AIM OF THE TASK: Please filter the data below down to the lines holding the string "Reference".

Collected data entries:
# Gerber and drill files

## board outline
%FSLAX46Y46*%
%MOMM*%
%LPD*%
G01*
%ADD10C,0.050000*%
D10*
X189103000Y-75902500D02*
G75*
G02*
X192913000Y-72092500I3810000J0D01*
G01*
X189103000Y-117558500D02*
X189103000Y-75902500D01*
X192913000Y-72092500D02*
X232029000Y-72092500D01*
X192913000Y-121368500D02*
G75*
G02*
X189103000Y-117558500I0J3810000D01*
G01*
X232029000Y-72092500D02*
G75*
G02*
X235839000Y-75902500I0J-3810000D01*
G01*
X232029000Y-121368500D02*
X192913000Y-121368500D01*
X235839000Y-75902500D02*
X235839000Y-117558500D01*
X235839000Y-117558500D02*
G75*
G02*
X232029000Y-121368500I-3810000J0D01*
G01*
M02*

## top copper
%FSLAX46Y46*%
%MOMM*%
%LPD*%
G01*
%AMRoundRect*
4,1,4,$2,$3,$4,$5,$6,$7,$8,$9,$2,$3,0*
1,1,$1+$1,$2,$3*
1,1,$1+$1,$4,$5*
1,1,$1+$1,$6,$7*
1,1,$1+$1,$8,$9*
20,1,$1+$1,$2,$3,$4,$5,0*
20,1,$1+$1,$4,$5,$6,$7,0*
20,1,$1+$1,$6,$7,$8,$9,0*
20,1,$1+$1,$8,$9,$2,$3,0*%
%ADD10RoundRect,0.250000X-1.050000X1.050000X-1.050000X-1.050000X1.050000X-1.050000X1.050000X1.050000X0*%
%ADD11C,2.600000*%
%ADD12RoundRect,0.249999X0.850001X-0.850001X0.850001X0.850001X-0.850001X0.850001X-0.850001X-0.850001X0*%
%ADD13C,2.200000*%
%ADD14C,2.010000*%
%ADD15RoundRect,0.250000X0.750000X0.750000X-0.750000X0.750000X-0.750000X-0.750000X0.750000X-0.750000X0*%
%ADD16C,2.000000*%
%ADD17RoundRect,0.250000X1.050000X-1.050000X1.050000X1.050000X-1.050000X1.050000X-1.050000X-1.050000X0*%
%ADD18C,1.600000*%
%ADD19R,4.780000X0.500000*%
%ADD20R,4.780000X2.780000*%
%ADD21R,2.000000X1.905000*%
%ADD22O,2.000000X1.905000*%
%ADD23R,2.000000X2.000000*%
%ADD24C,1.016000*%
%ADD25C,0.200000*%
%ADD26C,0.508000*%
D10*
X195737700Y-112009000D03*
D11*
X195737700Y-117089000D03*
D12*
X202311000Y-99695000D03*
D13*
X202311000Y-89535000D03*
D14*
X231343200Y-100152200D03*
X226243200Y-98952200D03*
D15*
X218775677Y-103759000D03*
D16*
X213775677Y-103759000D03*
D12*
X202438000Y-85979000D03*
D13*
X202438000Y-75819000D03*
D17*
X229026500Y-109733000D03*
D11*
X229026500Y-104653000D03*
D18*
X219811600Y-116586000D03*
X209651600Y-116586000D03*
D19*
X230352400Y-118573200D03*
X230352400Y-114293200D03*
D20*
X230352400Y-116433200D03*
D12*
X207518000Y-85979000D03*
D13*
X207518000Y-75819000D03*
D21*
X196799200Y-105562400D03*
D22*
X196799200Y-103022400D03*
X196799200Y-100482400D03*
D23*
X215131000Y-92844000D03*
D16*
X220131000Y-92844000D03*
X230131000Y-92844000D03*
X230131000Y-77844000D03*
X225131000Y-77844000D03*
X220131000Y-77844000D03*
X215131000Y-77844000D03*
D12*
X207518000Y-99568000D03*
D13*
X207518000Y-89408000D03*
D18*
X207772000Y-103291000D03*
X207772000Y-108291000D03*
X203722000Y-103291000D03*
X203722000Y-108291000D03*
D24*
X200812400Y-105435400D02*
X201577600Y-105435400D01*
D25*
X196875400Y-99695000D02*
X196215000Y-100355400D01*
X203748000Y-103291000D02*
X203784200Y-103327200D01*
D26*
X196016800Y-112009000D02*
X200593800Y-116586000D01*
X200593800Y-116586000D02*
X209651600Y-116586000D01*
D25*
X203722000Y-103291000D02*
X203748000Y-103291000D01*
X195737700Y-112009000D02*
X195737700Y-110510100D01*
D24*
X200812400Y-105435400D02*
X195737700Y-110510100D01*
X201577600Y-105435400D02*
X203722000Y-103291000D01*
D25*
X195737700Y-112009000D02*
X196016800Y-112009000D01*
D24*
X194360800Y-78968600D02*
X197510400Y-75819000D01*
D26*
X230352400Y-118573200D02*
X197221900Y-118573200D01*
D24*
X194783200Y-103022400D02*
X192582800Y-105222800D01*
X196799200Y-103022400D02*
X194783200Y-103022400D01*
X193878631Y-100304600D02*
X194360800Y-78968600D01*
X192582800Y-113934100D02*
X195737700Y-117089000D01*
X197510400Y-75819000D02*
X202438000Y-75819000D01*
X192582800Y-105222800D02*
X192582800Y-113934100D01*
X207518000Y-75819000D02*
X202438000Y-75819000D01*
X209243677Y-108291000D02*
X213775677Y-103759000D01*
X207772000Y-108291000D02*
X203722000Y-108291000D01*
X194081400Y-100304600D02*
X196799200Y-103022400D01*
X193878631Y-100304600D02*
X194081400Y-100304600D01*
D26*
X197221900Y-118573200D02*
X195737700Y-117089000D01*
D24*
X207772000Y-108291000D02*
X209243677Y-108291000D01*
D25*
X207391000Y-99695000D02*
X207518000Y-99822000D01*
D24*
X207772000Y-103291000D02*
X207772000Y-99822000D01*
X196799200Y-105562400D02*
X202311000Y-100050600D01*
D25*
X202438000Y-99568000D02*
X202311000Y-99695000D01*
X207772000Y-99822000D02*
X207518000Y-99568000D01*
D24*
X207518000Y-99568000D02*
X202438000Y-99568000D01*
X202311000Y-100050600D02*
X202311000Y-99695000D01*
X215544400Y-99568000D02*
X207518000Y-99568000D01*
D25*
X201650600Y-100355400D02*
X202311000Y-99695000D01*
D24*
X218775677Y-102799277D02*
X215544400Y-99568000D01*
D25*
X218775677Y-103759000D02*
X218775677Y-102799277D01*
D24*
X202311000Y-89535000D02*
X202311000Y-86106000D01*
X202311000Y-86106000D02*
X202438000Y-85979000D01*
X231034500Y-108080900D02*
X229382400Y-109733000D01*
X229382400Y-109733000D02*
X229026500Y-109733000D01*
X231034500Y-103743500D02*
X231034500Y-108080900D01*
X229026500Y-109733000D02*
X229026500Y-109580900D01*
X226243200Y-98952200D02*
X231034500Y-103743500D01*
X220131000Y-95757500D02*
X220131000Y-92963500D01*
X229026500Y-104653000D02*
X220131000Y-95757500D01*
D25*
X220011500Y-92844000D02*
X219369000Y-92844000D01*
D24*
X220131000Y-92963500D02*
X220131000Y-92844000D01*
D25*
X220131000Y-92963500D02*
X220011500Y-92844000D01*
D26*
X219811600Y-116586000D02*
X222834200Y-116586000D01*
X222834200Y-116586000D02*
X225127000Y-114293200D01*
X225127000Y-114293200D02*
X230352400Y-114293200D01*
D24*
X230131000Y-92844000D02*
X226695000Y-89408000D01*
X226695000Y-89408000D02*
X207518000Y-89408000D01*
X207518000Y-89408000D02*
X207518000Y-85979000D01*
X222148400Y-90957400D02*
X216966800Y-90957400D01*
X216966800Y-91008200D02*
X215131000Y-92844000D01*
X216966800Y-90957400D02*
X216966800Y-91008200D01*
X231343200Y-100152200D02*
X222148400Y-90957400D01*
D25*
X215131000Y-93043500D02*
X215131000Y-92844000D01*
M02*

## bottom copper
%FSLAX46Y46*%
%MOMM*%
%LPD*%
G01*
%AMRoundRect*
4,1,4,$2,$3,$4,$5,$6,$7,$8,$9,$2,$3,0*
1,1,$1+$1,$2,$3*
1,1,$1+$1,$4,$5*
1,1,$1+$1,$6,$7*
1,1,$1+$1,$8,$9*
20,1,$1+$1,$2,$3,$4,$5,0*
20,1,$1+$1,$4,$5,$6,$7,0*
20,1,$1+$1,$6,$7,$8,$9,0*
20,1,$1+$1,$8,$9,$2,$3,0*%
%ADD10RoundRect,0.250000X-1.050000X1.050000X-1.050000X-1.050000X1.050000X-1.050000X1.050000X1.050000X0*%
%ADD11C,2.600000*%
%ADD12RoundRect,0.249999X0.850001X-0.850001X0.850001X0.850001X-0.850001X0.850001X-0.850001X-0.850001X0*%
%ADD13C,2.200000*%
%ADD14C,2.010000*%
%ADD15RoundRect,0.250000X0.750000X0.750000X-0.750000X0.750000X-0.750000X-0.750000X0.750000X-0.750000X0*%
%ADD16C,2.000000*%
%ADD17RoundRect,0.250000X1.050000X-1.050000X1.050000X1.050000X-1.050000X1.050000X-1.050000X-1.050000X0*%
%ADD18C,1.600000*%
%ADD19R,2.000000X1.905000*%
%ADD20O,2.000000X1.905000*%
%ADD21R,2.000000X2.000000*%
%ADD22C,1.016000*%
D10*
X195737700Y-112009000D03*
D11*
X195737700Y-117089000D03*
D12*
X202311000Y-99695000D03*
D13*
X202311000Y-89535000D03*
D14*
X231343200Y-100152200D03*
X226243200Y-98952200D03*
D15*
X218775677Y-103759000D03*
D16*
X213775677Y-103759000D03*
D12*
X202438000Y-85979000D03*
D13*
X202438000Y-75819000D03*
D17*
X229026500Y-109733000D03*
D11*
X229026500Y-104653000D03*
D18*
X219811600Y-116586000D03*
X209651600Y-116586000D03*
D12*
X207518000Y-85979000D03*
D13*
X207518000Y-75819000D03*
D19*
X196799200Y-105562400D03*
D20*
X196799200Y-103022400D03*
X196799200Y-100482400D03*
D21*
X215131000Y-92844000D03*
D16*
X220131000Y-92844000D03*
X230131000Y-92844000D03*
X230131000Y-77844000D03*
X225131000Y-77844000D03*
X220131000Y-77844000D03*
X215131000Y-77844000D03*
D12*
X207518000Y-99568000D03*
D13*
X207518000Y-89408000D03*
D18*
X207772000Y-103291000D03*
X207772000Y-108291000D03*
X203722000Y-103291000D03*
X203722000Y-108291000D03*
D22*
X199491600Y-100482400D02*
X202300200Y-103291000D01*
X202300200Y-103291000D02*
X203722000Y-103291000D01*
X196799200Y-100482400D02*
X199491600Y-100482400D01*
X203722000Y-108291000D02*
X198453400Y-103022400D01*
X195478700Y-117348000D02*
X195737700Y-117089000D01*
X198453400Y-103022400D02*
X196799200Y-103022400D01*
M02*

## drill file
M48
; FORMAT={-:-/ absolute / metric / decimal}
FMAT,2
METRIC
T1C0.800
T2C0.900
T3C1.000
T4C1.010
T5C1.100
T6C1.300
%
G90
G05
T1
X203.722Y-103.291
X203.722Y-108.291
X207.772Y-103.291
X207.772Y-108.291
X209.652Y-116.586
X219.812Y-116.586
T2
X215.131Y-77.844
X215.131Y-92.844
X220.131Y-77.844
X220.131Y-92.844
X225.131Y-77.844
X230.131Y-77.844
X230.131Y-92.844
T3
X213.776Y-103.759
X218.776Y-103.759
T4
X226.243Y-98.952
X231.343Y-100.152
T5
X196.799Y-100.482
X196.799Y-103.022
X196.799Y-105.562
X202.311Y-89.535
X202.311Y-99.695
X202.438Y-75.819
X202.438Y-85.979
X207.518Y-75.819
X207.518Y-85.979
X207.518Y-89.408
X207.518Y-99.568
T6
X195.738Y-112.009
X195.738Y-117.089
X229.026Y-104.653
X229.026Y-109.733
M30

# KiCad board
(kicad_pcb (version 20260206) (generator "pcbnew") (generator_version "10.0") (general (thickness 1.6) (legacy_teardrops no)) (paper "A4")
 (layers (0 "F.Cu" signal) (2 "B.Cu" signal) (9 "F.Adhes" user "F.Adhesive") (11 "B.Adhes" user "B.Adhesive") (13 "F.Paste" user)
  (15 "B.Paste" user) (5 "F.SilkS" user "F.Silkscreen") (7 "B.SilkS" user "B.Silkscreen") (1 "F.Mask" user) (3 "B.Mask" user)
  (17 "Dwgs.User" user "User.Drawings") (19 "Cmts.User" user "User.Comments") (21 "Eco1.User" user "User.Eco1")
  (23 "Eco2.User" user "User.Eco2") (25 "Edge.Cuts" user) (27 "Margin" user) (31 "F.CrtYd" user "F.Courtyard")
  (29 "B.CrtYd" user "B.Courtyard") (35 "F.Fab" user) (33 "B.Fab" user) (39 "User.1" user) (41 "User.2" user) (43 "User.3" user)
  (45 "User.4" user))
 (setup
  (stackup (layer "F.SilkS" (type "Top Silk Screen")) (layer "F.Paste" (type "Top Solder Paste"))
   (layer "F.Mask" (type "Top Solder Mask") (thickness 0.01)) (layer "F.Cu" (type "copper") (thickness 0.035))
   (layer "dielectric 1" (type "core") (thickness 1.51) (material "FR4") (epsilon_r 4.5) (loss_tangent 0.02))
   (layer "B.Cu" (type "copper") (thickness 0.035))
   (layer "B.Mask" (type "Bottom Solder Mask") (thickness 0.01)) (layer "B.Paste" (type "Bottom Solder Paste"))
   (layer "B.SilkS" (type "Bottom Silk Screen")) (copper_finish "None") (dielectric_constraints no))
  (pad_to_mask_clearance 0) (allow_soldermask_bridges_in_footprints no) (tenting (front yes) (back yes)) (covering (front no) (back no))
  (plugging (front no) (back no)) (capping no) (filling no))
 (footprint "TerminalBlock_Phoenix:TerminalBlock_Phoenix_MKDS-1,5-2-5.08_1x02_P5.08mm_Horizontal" (layer "F.Cu") (at 195.7377 112.009 -90)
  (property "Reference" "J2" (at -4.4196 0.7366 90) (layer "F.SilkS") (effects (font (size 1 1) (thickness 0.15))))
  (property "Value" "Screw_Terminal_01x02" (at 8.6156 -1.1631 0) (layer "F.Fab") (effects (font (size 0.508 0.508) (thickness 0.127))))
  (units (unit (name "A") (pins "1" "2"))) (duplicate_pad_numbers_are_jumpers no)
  (pad "1" thru_hole roundrect (at 0 0 270) (size 2.6 2.6) (drill 1.3) (layers "*.Cu" "*.Mask") (remove_unused_layers no)
   (roundrect_rratio 0.096154) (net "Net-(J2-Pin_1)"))
  (pad "2" thru_hole circle (at 5.08 0 270) (size 2.6 2.6) (drill 1.3) (layers "*.Cu" "*.Mask") (remove_unused_layers no) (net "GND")))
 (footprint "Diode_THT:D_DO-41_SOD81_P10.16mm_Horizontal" (layer "F.Cu") (at 202.311 99.695 90)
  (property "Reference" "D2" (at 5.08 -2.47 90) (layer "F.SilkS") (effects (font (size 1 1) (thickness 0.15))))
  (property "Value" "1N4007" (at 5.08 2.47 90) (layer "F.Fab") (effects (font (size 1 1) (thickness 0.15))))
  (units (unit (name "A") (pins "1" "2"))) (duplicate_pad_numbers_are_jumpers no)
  (pad "1" thru_hole roundrect (at 0 0 90) (size 2.2 2.2) (drill 1.1) (layers "*.Cu" "*.Mask") (remove_unused_layers no)
   (roundrect_rratio 0.113636) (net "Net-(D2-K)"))
  (pad "2" thru_hole circle (at 10.16 0 90) (size 2.2 2.2) (drill 1.1) (layers "*.Cu" "*.Mask") (remove_unused_layers no) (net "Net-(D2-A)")))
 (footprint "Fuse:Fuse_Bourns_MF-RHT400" (layer "F.Cu") (at 231.3432 100.1522 180)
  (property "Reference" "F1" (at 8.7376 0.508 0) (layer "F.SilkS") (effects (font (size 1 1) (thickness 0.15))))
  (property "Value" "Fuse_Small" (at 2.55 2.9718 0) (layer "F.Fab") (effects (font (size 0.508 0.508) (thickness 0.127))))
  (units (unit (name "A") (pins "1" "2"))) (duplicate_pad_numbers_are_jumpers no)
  (pad "1" thru_hole circle (at 0 0 180) (size 2.01 2.01) (drill 1.01) (layers "*.Cu" "*.Mask") (remove_unused_layers no)
   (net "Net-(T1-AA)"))
  (pad "2" thru_hole circle (at 5.1 1.2 180) (size 2.01 2.01) (drill 1.01) (layers "*.Cu" "*.Mask") (remove_unused_layers no)
   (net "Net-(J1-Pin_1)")))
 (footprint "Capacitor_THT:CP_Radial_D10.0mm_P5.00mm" (layer "F.Cu") (at 218.775677 103.759 180)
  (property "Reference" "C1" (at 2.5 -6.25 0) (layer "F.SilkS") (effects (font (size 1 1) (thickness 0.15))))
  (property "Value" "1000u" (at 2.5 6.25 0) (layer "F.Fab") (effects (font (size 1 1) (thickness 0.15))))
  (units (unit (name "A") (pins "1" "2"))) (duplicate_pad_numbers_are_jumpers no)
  (pad "1" thru_hole roundrect (at 0 0 180) (size 2 2) (drill 1) (layers "*.Cu" "*.Mask") (remove_unused_layers no) (roundrect_rratio 0.125)
   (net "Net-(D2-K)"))
  (pad "2" thru_hole circle (at 5 0 180) (size 2 2) (drill 1) (layers "*.Cu" "*.Mask") (remove_unused_layers no) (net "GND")))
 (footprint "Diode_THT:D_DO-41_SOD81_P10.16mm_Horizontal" (layer "F.Cu") (at 202.438 85.979 90)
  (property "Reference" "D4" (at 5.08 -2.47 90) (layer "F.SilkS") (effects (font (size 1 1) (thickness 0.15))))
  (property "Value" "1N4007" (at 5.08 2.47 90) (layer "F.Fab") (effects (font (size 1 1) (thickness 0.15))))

SOLUTION TO THIS PROBLEM:
  (property "Reference" "J2" (at -4.4196 0.7366 90) (layer "F.SilkS") (effects (font (size 1 1) (thickness 0.15))))
  (property "Reference" "D2" (at 5.08 -2.47 90) (layer "F.SilkS") (effects (font (size 1 1) (thickness 0.15))))
  (property "Reference" "F1" (at 8.7376 0.508 0) (layer "F.SilkS") (effects (font (size 1 1) (thickness 0.15))))
  (property "Reference" "C1" (at 2.5 -6.25 0) (layer "F.SilkS") (effects (font (size 1 1) (thickness 0.15))))
  (property "Reference" "D4" (at 5.08 -2.47 90) (layer "F.SilkS") (effects (font (size 1 1) (thickness 0.15))))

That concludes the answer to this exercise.